Fixer les vertiges

J'écrivais des silences, des nuits, je notais l'inexprimable. Je fixais des vertiges.” 
Arthur Rimbaud, Alchimie du verbe

Je suis incapable de préciser le moment exact où je décidai de recueillir les vertiges. L’origine de ce que certains pourraient bien qualifier à juste titre de lubie se perd dans les limbes. Toujours est-il que j’ouvris le 2 mars 2018 un cahier (mauve, Bensimon for Quo Vadis, pages ivoire finement lignées) où je décidais de consigner toutes les apparitions, lors de mes lectures diverses, du mot vertige et de ses dérivés (vertigineux, vertigineusement, vertigo). Le cahier des charges était simple : le mot lui-même n’était jamais explicitement recherché, il devait advenir de lui-même. Repéré, je le recopiais dans le cahier, en ayant soin de le prendre dans son contexte, ou bien je photocopiais, je prenais en photo, j’imprimais. Ma besogne s’achèverait cahier rempli.
Il me fallut moins d’un an.
La première prise fut le titre d’un dessin de François Matton (femme nue que je ne peux malheureusement reproduire ici) : Vertige, écroulements, déroute et pitié, daté du jeudi 22 mars, issu de son blog Sans l’ombre d’un doute.

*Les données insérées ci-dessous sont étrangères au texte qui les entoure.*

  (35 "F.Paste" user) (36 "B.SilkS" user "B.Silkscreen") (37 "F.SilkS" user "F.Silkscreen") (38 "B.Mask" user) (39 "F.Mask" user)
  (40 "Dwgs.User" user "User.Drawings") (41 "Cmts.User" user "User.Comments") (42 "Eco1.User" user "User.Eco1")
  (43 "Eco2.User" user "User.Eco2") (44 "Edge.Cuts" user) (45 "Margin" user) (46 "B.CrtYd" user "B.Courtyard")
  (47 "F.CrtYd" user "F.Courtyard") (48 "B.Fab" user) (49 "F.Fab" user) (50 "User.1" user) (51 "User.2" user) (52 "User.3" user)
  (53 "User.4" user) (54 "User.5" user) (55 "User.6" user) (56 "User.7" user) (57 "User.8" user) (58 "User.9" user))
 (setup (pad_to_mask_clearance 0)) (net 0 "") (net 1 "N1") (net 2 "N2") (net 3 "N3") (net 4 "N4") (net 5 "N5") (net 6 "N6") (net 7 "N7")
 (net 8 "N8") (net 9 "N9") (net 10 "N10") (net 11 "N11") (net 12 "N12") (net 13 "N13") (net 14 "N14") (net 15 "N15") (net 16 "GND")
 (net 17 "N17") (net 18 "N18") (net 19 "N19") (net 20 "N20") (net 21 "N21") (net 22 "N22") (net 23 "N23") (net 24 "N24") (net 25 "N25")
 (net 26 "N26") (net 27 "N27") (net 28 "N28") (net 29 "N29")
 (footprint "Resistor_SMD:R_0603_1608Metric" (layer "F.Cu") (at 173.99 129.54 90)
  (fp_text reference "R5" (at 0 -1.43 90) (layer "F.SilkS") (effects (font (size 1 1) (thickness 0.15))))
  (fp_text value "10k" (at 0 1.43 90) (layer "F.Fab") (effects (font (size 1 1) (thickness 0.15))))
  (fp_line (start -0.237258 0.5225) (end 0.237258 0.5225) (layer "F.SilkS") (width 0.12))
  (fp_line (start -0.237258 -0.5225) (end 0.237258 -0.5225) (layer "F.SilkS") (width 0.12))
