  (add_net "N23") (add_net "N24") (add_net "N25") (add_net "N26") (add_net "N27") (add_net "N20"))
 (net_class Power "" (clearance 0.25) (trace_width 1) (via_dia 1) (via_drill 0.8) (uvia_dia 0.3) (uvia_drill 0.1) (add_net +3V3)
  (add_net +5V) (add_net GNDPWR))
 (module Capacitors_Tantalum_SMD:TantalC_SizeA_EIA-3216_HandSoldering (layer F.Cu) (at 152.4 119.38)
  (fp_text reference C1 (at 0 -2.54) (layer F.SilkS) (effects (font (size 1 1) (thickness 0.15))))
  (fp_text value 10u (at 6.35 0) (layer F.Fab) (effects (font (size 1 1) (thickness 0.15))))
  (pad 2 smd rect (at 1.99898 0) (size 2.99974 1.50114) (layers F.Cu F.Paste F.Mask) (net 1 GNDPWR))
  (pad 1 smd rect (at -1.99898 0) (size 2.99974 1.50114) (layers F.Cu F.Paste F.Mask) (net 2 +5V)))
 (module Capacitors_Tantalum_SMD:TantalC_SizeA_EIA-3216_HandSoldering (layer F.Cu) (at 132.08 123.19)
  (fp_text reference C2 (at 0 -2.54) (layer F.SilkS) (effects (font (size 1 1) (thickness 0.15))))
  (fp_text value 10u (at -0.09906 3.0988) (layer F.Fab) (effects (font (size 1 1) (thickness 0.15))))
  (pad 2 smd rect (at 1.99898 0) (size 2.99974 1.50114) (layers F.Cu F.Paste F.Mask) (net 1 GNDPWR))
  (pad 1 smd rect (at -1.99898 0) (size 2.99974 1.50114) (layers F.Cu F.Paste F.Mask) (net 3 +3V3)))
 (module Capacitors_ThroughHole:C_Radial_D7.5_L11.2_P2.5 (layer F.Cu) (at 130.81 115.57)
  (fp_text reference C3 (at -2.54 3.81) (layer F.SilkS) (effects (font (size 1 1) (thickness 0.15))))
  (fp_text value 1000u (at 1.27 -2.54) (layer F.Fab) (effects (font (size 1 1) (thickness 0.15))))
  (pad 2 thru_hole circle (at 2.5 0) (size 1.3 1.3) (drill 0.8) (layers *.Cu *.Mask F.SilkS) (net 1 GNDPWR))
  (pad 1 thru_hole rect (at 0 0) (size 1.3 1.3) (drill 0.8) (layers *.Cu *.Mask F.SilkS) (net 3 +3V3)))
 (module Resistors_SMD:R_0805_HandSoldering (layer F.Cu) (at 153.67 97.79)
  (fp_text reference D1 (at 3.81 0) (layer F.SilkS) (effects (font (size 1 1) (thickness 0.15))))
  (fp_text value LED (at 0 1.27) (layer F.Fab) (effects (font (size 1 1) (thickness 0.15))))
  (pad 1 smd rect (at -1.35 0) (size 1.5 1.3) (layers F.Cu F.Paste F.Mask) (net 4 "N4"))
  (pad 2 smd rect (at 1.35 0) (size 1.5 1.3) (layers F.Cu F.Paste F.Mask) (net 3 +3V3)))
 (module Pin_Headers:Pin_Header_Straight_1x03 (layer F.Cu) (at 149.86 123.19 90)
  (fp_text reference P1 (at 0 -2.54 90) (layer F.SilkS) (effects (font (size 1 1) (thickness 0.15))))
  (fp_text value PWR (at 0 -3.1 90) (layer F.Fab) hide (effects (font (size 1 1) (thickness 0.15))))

Quatre cent trente-et-un vertiges plus tard, je concluais le 12 février 2019 sur une citation du philosophe Emmanuel Levinas, dont j’avais imprudemment feuilleté le premier tome de ses Oeuvres complètes (achetées à Périgueux en 2009 et encore à lire) :

“L’il y a - C’est la chute dans l’abîme telle qu’on la connaît dans le rêve ou dans le vertige.
Vertige - dépersonnalisation.
Grouillement de points et non pas points d’une ligne.” (Notes philosophiques diverses, p. 387)

Quelques mois plus tard, les vertiges continuant de peupler mes jours et mes nuits, en de multiples rencontres sans lendemain qui me laissaient des regrets, je décidai de poursuivre la cueillette sur le support numérique d'un blog. Cela durera le temps que j'y trouverai du plaisir.